(Saved data entries)
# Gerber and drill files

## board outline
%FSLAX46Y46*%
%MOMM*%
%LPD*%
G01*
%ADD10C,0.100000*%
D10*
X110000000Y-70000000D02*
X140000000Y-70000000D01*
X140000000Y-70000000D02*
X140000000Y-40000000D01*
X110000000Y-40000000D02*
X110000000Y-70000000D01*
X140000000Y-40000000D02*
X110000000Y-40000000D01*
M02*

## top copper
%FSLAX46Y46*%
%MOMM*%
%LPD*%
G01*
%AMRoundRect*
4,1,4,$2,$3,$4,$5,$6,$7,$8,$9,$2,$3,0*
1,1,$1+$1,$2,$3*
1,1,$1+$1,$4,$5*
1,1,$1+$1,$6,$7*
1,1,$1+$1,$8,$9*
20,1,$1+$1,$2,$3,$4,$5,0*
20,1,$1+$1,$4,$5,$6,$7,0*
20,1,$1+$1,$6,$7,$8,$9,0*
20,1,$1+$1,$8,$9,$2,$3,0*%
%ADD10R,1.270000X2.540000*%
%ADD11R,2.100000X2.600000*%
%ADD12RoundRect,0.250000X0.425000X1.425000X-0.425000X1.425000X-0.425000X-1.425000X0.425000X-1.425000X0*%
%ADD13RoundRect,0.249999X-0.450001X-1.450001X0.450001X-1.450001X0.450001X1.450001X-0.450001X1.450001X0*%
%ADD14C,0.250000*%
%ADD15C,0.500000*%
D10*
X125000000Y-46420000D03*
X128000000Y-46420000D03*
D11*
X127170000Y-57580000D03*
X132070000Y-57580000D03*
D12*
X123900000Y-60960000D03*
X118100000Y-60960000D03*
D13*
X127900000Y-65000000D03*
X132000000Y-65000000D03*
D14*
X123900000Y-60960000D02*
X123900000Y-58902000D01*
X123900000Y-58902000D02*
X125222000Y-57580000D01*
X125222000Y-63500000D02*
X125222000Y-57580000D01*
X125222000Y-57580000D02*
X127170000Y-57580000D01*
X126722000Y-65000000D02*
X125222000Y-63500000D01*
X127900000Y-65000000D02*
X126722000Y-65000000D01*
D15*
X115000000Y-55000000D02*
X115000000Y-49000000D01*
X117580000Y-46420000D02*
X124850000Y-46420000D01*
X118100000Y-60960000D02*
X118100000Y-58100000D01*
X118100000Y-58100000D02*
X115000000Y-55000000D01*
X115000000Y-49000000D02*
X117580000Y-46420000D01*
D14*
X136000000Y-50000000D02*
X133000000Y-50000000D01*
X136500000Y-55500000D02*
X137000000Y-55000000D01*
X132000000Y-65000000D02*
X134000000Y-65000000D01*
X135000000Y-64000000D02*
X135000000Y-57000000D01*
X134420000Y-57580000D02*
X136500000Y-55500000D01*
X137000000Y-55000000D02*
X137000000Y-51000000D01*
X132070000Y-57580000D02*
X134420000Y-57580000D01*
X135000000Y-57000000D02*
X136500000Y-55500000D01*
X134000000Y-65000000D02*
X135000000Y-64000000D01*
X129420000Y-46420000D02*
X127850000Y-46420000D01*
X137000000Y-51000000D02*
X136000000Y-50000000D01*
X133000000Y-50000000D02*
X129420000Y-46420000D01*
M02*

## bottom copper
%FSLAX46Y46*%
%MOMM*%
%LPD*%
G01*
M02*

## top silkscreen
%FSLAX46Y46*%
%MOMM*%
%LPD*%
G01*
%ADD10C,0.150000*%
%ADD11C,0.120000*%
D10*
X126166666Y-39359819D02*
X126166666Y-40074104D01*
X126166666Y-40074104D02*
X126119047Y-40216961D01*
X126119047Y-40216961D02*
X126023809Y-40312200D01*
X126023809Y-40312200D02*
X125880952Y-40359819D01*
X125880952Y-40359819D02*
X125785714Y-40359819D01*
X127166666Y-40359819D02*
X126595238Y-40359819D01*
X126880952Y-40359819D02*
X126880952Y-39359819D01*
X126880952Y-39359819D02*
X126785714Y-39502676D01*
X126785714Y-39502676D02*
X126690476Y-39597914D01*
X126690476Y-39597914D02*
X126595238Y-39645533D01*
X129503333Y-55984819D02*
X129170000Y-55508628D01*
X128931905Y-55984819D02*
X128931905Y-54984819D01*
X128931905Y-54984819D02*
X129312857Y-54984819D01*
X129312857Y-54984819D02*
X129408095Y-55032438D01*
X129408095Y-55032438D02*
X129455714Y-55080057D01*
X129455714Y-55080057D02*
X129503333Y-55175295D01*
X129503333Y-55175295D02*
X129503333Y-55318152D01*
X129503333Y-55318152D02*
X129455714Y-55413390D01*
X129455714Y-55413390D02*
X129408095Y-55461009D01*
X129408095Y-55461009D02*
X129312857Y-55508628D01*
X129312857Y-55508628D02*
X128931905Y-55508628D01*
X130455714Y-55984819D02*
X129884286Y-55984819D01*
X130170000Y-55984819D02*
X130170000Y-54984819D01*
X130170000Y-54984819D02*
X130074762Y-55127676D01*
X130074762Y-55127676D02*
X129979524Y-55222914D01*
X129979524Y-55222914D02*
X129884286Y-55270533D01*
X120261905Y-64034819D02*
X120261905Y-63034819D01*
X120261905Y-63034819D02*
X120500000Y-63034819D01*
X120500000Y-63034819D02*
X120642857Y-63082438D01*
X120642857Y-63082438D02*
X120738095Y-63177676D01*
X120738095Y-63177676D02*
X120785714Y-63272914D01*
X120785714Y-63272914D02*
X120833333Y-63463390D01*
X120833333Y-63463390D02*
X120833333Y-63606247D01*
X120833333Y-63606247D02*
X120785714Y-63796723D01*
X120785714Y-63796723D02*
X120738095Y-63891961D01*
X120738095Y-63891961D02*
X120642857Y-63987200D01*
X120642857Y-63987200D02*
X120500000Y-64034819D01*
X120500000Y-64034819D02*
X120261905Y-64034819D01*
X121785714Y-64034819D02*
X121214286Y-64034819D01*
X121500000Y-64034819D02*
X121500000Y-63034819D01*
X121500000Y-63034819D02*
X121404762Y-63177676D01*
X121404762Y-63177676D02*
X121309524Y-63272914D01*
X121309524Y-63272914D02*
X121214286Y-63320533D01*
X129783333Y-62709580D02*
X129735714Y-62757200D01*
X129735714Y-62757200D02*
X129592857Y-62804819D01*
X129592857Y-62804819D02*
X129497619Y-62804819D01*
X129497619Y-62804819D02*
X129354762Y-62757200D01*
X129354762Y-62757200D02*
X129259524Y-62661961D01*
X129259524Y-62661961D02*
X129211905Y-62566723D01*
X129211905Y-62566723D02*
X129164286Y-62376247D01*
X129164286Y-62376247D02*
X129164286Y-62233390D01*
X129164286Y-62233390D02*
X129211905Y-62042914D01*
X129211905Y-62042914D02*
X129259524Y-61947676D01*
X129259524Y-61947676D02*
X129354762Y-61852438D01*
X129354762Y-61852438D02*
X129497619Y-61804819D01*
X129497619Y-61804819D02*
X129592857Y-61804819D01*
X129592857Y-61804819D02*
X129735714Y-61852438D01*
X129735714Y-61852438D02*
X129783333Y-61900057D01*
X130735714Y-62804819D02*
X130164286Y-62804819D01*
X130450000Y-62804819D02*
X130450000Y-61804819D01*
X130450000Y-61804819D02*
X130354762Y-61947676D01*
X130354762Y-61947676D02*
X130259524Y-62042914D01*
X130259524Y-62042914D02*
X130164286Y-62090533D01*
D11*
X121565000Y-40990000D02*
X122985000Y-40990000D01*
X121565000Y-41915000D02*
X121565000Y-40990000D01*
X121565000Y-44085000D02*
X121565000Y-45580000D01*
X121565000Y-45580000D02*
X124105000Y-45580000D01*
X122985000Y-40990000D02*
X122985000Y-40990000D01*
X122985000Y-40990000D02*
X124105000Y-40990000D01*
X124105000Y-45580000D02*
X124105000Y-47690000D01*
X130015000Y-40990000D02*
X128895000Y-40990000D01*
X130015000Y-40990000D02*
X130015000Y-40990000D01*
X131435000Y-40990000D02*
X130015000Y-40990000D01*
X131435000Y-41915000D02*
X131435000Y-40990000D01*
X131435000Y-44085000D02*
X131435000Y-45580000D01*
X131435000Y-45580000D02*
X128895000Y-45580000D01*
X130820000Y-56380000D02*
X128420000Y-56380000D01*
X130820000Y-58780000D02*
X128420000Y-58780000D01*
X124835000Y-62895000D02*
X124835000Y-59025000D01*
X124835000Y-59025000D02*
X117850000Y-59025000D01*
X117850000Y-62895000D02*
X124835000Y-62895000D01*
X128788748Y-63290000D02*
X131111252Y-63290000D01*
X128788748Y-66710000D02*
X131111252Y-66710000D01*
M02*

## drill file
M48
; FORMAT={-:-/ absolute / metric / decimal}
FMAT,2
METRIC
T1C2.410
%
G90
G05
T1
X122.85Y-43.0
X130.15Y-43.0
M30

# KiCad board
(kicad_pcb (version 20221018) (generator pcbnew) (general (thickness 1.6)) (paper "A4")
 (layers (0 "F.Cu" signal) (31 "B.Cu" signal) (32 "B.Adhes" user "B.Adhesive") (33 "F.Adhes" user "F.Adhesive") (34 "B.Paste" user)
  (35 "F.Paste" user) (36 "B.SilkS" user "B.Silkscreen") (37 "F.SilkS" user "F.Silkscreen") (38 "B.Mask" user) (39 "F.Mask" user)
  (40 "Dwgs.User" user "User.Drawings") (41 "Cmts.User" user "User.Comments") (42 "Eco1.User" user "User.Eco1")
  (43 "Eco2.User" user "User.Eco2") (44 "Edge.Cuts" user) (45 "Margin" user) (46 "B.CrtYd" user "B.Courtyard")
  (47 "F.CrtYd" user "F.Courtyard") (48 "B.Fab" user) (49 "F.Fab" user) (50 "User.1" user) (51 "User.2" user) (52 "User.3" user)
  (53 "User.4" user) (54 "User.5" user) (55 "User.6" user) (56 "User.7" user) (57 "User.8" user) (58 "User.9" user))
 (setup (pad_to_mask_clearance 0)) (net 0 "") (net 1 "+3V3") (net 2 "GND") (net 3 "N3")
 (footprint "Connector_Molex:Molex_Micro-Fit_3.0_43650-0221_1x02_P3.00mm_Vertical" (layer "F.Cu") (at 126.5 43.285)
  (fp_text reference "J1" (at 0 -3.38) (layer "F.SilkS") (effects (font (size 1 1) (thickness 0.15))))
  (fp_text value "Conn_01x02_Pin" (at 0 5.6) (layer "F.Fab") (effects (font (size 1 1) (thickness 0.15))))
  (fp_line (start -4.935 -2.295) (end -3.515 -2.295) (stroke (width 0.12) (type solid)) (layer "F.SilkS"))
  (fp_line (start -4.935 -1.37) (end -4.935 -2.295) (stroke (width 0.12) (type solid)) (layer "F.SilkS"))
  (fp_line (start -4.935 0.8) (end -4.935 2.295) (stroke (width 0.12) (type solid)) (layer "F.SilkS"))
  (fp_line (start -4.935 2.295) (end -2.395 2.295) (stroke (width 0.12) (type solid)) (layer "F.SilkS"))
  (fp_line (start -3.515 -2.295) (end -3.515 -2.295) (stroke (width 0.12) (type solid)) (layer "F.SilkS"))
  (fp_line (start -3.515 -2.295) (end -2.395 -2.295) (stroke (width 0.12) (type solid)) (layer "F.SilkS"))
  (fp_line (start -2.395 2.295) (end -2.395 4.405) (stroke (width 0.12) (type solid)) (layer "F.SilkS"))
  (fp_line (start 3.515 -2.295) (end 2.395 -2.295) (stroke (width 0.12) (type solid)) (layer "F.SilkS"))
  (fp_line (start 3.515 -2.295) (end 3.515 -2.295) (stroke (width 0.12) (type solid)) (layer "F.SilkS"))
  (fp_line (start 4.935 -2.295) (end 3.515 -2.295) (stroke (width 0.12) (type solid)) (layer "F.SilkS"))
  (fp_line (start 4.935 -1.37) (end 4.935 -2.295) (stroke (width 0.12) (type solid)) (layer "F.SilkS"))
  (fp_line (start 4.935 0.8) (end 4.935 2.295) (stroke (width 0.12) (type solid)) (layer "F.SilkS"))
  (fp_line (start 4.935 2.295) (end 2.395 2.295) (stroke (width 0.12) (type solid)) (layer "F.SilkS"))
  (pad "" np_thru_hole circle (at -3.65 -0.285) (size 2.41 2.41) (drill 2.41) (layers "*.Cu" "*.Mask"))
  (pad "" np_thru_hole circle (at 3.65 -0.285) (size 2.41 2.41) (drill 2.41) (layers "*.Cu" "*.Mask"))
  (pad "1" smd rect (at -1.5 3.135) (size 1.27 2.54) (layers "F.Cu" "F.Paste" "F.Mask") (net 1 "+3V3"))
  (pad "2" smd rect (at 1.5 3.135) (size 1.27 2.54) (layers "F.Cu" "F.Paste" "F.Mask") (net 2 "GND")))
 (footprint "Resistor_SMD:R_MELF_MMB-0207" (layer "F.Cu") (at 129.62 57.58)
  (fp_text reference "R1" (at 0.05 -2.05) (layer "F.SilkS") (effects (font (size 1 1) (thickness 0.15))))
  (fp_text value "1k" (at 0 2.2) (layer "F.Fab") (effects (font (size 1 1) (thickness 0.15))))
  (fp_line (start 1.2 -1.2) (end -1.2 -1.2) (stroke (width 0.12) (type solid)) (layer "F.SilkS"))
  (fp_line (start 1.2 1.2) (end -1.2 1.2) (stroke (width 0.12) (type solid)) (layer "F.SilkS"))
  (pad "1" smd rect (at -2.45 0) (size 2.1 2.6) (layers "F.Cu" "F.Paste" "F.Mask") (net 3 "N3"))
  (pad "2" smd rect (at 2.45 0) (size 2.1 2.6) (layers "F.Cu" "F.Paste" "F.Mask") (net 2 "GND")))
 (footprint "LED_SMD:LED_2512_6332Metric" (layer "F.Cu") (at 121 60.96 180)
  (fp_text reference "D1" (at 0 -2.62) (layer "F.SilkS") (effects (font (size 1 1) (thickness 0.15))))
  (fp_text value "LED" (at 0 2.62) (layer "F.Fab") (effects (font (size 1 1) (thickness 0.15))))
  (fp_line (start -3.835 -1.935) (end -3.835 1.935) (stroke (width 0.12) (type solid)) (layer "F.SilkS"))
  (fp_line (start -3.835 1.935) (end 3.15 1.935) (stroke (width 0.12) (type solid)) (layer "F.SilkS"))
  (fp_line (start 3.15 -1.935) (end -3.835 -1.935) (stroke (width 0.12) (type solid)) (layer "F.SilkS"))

---

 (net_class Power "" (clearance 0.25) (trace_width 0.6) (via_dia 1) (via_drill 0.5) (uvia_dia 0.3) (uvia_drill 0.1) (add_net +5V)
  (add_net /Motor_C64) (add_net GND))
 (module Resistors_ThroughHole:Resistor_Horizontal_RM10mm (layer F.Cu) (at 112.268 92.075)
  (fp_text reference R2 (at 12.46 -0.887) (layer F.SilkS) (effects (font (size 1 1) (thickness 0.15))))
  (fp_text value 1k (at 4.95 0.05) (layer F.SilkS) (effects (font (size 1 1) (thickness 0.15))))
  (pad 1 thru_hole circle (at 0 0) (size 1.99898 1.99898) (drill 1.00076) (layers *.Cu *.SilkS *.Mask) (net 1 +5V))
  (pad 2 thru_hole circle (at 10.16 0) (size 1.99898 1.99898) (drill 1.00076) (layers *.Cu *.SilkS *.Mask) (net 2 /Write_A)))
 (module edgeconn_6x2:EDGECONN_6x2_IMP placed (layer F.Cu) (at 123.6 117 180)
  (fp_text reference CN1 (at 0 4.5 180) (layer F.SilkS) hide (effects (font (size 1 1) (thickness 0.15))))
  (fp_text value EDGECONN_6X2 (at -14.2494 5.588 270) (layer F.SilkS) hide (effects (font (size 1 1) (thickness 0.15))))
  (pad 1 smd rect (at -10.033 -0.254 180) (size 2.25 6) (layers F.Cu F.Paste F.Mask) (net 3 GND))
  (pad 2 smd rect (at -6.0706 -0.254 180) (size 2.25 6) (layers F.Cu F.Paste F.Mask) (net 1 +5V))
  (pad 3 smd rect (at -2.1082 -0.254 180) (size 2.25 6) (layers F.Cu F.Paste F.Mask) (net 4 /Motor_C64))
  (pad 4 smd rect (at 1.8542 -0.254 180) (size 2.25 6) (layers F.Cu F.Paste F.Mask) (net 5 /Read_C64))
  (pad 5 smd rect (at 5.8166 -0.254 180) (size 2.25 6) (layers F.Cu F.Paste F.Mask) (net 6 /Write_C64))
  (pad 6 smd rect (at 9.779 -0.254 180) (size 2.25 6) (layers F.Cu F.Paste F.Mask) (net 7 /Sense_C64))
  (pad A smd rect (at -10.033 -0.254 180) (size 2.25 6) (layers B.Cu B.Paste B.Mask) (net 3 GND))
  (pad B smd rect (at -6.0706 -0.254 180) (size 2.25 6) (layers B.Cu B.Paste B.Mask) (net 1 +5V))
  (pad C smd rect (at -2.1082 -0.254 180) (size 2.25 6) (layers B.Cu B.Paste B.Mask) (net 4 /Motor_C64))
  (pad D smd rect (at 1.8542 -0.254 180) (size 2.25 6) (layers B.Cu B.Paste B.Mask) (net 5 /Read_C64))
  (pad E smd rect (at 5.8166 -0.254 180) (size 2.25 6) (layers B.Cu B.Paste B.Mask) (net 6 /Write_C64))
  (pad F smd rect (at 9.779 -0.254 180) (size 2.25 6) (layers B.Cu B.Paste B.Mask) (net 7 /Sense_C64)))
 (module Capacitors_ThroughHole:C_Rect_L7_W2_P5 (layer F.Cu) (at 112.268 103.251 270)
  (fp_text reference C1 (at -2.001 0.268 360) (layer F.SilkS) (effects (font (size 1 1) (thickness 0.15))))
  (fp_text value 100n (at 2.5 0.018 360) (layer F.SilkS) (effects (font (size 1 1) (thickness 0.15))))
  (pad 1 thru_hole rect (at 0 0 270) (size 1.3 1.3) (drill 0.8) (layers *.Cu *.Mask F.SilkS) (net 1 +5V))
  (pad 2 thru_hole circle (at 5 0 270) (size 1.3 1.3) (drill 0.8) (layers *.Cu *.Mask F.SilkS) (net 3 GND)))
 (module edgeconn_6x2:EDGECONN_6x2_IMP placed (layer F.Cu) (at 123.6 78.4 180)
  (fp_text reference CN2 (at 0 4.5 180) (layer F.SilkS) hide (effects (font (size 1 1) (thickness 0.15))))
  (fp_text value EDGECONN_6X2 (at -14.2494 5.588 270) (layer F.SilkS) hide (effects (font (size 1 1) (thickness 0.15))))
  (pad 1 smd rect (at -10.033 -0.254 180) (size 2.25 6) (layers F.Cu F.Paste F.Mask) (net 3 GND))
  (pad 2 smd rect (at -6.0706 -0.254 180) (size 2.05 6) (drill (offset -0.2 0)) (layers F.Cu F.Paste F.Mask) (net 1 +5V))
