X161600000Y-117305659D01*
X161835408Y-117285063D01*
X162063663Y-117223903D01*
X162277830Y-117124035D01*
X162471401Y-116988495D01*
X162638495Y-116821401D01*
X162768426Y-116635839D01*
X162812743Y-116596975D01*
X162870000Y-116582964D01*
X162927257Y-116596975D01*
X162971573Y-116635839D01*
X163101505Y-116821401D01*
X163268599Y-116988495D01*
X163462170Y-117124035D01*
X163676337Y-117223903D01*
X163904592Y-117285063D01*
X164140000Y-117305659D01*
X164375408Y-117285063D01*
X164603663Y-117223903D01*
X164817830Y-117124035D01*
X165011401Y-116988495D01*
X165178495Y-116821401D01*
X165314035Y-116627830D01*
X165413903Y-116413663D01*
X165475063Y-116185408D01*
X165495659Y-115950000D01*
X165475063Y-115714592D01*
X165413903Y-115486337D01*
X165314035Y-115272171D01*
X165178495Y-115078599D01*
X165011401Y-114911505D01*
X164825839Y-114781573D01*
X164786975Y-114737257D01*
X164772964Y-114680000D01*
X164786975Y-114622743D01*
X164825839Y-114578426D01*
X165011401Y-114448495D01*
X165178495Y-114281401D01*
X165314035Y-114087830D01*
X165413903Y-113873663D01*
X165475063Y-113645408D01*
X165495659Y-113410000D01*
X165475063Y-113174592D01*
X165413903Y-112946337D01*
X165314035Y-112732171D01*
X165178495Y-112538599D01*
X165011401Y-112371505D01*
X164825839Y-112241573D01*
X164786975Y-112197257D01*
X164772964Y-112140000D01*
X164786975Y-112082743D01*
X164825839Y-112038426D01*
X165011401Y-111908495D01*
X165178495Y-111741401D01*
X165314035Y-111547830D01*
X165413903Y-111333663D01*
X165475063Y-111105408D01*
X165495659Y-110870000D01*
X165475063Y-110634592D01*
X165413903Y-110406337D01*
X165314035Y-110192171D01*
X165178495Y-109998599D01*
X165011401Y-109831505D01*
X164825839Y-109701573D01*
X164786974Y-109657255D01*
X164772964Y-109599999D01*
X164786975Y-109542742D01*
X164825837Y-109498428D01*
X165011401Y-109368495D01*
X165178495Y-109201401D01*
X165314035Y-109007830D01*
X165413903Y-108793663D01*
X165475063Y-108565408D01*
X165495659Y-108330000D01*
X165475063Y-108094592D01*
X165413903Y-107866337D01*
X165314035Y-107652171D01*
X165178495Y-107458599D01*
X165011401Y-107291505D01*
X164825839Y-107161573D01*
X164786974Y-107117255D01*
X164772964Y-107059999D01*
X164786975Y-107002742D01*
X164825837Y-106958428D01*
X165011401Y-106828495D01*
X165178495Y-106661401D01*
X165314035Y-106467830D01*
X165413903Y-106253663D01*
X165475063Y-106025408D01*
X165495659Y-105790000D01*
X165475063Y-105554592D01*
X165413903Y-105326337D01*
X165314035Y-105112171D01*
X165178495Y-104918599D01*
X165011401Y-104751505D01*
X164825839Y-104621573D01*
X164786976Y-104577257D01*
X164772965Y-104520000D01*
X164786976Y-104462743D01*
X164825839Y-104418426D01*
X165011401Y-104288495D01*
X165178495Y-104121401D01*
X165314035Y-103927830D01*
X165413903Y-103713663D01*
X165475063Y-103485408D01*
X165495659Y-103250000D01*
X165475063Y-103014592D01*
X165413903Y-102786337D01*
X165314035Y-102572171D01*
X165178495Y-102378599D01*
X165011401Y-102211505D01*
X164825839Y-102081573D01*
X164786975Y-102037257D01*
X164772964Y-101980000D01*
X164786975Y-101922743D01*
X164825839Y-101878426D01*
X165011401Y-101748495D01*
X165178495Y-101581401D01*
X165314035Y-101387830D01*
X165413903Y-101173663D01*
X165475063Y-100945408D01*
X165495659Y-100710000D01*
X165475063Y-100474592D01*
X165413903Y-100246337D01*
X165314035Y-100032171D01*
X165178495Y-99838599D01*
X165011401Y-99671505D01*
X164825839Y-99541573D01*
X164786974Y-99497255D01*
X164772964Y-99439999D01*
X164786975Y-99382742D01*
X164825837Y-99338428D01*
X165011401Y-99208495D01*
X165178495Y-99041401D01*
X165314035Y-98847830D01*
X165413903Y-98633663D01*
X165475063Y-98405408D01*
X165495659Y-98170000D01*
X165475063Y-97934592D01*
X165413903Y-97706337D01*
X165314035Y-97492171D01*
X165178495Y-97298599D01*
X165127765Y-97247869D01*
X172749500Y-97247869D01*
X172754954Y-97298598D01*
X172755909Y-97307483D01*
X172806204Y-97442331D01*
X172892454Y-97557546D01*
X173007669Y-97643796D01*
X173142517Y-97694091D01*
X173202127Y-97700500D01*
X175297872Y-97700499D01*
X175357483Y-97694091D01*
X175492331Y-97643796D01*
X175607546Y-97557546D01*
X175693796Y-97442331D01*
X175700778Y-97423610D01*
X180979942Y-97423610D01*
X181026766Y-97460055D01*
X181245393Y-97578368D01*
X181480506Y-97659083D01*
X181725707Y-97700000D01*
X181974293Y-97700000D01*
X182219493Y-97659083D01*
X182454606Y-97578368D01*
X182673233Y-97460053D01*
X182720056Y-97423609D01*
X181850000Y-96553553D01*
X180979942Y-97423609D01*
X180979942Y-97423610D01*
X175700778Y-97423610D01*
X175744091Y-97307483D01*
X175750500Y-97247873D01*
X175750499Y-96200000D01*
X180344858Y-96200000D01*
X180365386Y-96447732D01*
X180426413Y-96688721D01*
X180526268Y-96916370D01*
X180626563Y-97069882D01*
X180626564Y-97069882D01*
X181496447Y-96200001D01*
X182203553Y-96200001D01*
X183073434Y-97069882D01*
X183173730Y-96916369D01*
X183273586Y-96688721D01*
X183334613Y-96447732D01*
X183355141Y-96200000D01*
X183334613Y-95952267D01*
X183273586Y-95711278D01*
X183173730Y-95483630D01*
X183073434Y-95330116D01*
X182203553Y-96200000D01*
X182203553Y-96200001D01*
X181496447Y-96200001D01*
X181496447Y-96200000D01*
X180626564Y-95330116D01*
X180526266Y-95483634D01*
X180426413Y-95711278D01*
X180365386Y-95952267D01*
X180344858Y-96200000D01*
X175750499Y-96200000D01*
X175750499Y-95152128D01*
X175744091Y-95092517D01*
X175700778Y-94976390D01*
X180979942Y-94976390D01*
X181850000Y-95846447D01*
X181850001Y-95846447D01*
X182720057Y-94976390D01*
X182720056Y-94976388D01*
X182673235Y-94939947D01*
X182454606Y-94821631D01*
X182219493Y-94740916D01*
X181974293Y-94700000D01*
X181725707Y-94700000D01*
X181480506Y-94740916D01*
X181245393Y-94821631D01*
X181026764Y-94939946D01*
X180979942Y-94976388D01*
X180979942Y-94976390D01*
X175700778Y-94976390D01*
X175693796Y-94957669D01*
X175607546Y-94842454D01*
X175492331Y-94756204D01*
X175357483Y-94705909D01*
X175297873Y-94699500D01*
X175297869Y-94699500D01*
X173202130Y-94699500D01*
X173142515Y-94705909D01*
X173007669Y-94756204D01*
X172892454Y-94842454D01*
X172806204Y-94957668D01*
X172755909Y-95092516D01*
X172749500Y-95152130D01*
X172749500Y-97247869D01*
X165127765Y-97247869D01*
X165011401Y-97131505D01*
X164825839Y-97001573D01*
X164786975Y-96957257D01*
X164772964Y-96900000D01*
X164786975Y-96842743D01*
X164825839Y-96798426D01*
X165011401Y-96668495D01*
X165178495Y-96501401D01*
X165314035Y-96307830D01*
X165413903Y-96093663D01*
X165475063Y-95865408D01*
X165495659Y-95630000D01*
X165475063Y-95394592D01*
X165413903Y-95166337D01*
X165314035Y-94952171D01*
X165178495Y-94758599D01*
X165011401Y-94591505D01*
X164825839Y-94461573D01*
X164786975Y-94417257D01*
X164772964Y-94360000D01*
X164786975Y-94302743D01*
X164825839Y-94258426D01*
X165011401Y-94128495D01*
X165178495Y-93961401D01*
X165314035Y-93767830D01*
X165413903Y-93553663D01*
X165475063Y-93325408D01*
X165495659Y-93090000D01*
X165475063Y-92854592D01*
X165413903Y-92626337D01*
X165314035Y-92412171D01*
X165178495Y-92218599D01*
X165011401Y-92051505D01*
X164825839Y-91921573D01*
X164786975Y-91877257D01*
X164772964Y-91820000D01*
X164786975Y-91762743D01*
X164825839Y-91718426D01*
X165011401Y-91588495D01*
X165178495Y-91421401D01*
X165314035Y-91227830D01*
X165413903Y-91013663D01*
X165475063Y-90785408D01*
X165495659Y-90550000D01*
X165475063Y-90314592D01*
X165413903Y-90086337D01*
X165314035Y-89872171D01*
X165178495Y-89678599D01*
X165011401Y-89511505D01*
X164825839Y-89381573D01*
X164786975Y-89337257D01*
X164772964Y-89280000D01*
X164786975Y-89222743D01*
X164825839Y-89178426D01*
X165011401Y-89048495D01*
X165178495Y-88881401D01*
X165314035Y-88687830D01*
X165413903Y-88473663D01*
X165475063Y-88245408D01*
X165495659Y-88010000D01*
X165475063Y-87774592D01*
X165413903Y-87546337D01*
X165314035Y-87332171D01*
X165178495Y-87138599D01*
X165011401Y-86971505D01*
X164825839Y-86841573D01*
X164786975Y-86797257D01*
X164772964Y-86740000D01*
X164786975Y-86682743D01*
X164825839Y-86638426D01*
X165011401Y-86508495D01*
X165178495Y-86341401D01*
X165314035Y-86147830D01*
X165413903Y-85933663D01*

▸ Requirement
Every line above from the line with "X165413903Y-95166337D01*" to the line with "X165413903Y-85933663D01*" is wanted, ends included; write them out exactly and add no other line.

▸ Task result
X165413903Y-95166337D01*
X165314035Y-94952171D01*
X165178495Y-94758599D01*
X165011401Y-94591505D01*
X164825839Y-94461573D01*
X164786975Y-94417257D01*
X164772964Y-94360000D01*
X164786975Y-94302743D01*
X164825839Y-94258426D01*
X165011401Y-94128495D01*
X165178495Y-93961401D01*
X165314035Y-93767830D01*
X165413903Y-93553663D01*
X165475063Y-93325408D01*
X165495659Y-93090000D01*
X165475063Y-92854592D01*
X165413903Y-92626337D01*
X165314035Y-92412171D01*
X165178495Y-92218599D01*
X165011401Y-92051505D01*
X164825839Y-91921573D01*
X164786975Y-91877257D01*
X164772964Y-91820000D01*
X164786975Y-91762743D01*
X164825839Y-91718426D01*
X165011401Y-91588495D01*
X165178495Y-91421401D01*
X165314035Y-91227830D01*
X165413903Y-91013663D01*
X165475063Y-90785408D01*
X165495659Y-90550000D01*
X165475063Y-90314592D01*
X165413903Y-90086337D01*
X165314035Y-89872171D01*
X165178495Y-89678599D01*
X165011401Y-89511505D01*
X164825839Y-89381573D01*
X164786975Y-89337257D01*
X164772964Y-89280000D01*
X164786975Y-89222743D01*
X164825839Y-89178426D01*
X165011401Y-89048495D01*
X165178495Y-88881401D01*
X165314035Y-88687830D01*
X165413903Y-88473663D01*
X165475063Y-88245408D01*
X165495659Y-88010000D01*
X165475063Y-87774592D01*
X165413903Y-87546337D01*
X165314035Y-87332171D01*
X165178495Y-87138599D01*
X165011401Y-86971505D01*
X164825839Y-86841573D01*
X164786975Y-86797257D01*
X164772964Y-86740000D01*
X164786975Y-86682743D01*
X164825839Y-86638426D01*
X165011401Y-86508495D01*
X165178495Y-86341401D01*
X165314035Y-86147830D01*
X165413903Y-85933663D01*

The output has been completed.